A naive approach would be to try all subsets, but since N is at most 22, the number of subsets is \(2^N\), which is approximately 4 million at most. Furthermore, computing the product for each subset adds to the overall computation. However, since N is small, performing a brute-force search is practical.

The key idea is to incrementally increase the number of selected cards starting from 2, and output the count as soon as we find the first combination that satisfies the condition. This ensures we find the minimum size.

Also, since \(P_i, Q_i \leq 100\), the products stay within a manageable range, and using a language with arbitrary-precision integers like Python allows us to compute them directly without overflow concerns.

Algorithm

1. Read the card information from input.
2. Incrementally increase the number of selected cards size from 2 to N.
3. For each size, generate all combinations of choosing size cards from the N cards (using combinations).
4. For each combination, compute the product of \(P_i\) values and the product of \(Q_i\) values of the selected cards.
5. If both products are equal, output that size and terminate.
6. If no valid combination is found after trying all possibilities, output -1.

Example

For instance, given the following cards:

3
2 3
6 4
3 2

With size=2, selecting cards (2,3) and (6,4): - Product of fronts: \(2 \times 6 = 12\) - Product of backs: \(3 \times 4 = 12\)

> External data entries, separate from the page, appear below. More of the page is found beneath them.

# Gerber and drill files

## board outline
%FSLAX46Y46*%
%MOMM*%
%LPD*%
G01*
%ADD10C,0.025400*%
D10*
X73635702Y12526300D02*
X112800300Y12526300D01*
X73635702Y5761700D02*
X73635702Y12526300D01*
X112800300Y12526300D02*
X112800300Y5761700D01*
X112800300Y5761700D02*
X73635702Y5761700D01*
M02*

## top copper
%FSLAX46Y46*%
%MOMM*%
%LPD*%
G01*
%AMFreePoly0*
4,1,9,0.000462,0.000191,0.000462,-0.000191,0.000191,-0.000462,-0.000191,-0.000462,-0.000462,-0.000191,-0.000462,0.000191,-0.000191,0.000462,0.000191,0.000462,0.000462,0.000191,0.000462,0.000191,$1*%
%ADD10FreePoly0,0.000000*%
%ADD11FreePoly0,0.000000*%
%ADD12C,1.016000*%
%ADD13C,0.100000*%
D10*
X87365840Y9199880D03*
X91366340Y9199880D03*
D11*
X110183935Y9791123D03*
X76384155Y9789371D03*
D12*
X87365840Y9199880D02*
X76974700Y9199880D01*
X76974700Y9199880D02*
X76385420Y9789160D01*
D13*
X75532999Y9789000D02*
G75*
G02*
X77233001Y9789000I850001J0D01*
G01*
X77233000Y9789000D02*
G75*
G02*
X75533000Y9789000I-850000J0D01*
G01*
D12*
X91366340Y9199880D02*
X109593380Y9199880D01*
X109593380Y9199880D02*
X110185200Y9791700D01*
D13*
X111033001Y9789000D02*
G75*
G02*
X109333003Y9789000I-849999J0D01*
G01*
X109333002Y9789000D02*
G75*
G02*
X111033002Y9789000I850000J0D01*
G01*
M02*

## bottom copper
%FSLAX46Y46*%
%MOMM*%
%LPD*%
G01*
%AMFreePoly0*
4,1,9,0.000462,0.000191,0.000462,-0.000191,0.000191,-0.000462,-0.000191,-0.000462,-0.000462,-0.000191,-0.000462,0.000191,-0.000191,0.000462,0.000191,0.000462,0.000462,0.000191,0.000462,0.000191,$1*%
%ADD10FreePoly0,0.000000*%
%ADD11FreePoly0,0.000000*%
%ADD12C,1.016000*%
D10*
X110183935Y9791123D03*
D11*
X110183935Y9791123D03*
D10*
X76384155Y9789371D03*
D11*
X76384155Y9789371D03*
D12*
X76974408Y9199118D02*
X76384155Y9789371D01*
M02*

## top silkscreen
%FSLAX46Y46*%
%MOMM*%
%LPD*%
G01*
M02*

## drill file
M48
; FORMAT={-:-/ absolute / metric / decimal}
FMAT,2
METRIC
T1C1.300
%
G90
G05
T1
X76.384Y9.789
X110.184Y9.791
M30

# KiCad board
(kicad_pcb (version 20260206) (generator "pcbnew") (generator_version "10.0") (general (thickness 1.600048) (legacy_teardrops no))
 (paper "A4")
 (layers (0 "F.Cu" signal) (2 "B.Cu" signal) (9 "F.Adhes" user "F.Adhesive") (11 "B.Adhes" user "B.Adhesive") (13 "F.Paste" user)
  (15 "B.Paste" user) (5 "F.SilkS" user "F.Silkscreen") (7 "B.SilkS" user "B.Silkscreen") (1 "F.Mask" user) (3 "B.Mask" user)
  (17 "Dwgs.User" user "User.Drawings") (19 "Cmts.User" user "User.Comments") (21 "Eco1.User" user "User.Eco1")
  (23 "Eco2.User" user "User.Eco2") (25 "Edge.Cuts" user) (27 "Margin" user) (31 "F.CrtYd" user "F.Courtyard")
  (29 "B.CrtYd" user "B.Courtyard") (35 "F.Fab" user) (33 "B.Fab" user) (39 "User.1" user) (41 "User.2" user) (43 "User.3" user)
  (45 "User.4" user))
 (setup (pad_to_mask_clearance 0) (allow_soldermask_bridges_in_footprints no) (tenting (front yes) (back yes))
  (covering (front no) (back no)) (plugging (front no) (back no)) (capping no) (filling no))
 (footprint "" (layer "F.Cu") (at 0 0)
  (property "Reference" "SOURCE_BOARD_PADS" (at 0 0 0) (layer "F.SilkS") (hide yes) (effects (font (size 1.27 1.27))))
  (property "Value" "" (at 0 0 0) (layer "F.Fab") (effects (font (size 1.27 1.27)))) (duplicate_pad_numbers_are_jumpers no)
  (pad "1" smd custom (at 87.36584 -9.19988) (size 0.001 0.001) (layers "F.Cu" "F.Mask" "F.Paste") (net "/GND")
   (options (clearance outline) (anchor circle)) (primitives))
  (pad "2" smd custom (at 91.36634 -9.19988) (size 0.001 0.001) (layers "F.Cu" "F.Mask" "F.Paste") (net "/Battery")
   (options (clearance outline) (anchor circle)) (primitives)))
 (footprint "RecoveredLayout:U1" (layer "B.Cu") (at 110.183935 -9.791123)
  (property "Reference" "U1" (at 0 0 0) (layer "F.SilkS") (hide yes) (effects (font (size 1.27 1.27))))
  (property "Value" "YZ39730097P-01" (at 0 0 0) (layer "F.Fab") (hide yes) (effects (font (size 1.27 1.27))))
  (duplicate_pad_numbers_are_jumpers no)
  (pad "1" thru_hole custom (at 0 0) (size 0.001 0.001) (drill 1.300023) (layers "*.Cu") (remove_unused_layers no) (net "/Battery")
   (options (clearance outline) (anchor circle)) (primitives))
  (pad "1" smd custom (at 0 0) (size 0.001 0.001) (layers "B.Cu" "B.Mask" "B.Paste") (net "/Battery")
   (options (clearance outline) (anchor circle)) (primitives)))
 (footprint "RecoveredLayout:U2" (layer "B.Cu") (at 76.384155 -9.789371)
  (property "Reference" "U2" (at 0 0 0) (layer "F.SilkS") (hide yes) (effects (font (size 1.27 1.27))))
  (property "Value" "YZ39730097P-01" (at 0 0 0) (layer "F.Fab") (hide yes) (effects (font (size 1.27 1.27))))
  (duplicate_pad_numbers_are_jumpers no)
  (pad "1" thru_hole custom (at 0 0) (size 0.001 0.001) (drill 1.300023) (layers "*.Cu") (remove_unused_layers no) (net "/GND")
   (options (clearance outline) (anchor circle)) (primitives))
  (pad "1" smd custom (at 0 0) (size 0.001 0.001) (layers "B.Cu" "B.Mask" "B.Paste") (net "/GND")
   (options (clearance outline) (anchor circle)) (primitives)))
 (gr_line (start 73.635702 -12.5263) (end 112.8003 -12.5263) (stroke (width 0.0254) (type default)) (layer "Edge.Cuts"))
 (gr_line (start 73.635702 -5.7617) (end 73.635702 -12.5263) (stroke (width 0.0254) (type default)) (layer "Edge.Cuts"))
 (gr_line (start 112.8003 -12.5263) (end 112.8003 -5.7617) (stroke (width 0.0254) (type default)) (layer "Edge.Cuts"))
 (gr_line (start 112.8003 -5.7617) (end 73.635702 -5.7617) (stroke (width 0.0254) (type default)) (layer "Edge.Cuts"))
 (segment (start 87.36584 -9.19988) (end 76.9747 -9.19988) (width 1.016) (layer "F.Cu") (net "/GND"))
 (segment (start 76.9747 -9.19988) (end 76.38542 -9.78916) (width 1.016) (layer "F.Cu") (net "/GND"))
 (arc (start 75.532999 -9.789) (mid 76.401288 -10.638804) (end 77.233 -9.789) (width 0.1) (layer "F.Cu") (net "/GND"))
 (arc (start 77.233 -9.789) (mid 76.364711 -8.939196) (end 75.532999 -9.789) (width 0.1) (layer "F.Cu") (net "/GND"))
 (segment (start 76.974408 -9.199118) (end 76.384155 -9.789371) (width 1.016) (layer "B.Cu") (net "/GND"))
 (segment (start 91.36634 -9.19988) (end 109.59338 -9.19988) (width 1.016) (layer "F.Cu") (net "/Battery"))
 (segment (start 109.59338 -9.19988) (end 110.1852 -9.7917) (width 1.016) (layer "F.Cu") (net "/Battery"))
 (arc (start 111.033001 -9.789) (mid 110.164713 -8.939197) (end 109.333002 -9.789) (width 0.1) (layer "F.Cu") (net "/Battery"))
 (arc (start 109.333002 -9.789) (mid 110.20129 -10.638803) (end 111.033001 -9.789) (width 0.1) (layer "F.Cu") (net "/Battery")))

The condition is satisfied, so the answer is 2.

Complexity

• Time complexity: \(O(N \cdot 2^N \cdot N) = O(N^2 \cdot 2^N)\)
  • For each size, we generate combinations (at most \(O(2^N)\)), and computing the product for each combination takes at most \(O(N)\).
• Space complexity: \(O(N)\)
  • For storing the card information and temporary memory used during combination generation.

Implementation Notes

• By using Python’s itertools.combinations, we can easily enumerate combinations of a specified size.

• Products are computed iteratively within loops. In languages where overflow can occur, extra care is needed (though this is not an issue in Python).

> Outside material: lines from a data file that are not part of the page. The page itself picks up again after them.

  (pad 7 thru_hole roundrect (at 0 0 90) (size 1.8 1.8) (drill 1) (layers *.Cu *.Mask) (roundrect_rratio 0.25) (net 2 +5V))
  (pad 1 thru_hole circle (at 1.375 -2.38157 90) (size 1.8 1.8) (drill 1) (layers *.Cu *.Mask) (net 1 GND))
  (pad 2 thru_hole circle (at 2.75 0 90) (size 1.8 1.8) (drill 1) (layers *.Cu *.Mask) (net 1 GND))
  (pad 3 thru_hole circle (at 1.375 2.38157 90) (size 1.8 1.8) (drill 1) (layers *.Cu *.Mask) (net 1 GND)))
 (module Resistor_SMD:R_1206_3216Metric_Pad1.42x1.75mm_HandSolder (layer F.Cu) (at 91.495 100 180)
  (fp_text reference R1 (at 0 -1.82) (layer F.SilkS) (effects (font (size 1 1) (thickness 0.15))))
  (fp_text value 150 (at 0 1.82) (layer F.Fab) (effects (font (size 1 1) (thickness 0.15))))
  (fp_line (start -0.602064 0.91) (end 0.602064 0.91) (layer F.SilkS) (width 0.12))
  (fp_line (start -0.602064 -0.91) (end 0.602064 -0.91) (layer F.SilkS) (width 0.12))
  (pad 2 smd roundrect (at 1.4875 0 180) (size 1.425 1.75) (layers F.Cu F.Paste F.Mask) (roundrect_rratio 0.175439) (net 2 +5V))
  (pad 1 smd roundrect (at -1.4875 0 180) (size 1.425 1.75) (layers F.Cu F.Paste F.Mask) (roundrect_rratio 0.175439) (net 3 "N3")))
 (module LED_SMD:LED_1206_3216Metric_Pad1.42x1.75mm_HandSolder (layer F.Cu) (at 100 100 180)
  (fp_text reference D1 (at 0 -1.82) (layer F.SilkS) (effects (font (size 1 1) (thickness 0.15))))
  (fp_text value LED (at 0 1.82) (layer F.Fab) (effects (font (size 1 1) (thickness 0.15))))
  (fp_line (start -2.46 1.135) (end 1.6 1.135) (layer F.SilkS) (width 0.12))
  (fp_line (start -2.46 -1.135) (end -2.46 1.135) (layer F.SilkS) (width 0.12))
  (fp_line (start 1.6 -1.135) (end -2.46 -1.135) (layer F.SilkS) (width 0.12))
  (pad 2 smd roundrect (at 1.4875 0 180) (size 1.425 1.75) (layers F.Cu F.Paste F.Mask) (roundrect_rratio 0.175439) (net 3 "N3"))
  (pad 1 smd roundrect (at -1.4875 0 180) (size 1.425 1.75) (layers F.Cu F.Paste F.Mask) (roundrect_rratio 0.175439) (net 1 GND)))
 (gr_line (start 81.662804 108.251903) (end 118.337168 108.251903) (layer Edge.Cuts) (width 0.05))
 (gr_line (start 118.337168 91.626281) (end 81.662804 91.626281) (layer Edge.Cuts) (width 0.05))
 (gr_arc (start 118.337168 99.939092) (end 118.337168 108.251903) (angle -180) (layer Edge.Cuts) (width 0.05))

• To find the minimum size, process sizes in ascending order and return as soon as the condition is satisfied for the first time.

  Source Code

from itertools import combinations

def main():
    N = int(input())
    cards = [tuple(map(int, input().split())) for _ in range(N)]
    
    # 部分集合を要素数が小さい順に探索
    for size in range(2, N + 1):
        for subset in combinations(range(N), size):
            prod_p = 1
            prod_q = 1
            for i in subset:
                prod_p *= cards[i][0]
                prod_q *= cards[i][1]
            if prod_p == prod_q:
                print(size)
                return
    print(-1)

if __name__ == "__main__":
    main()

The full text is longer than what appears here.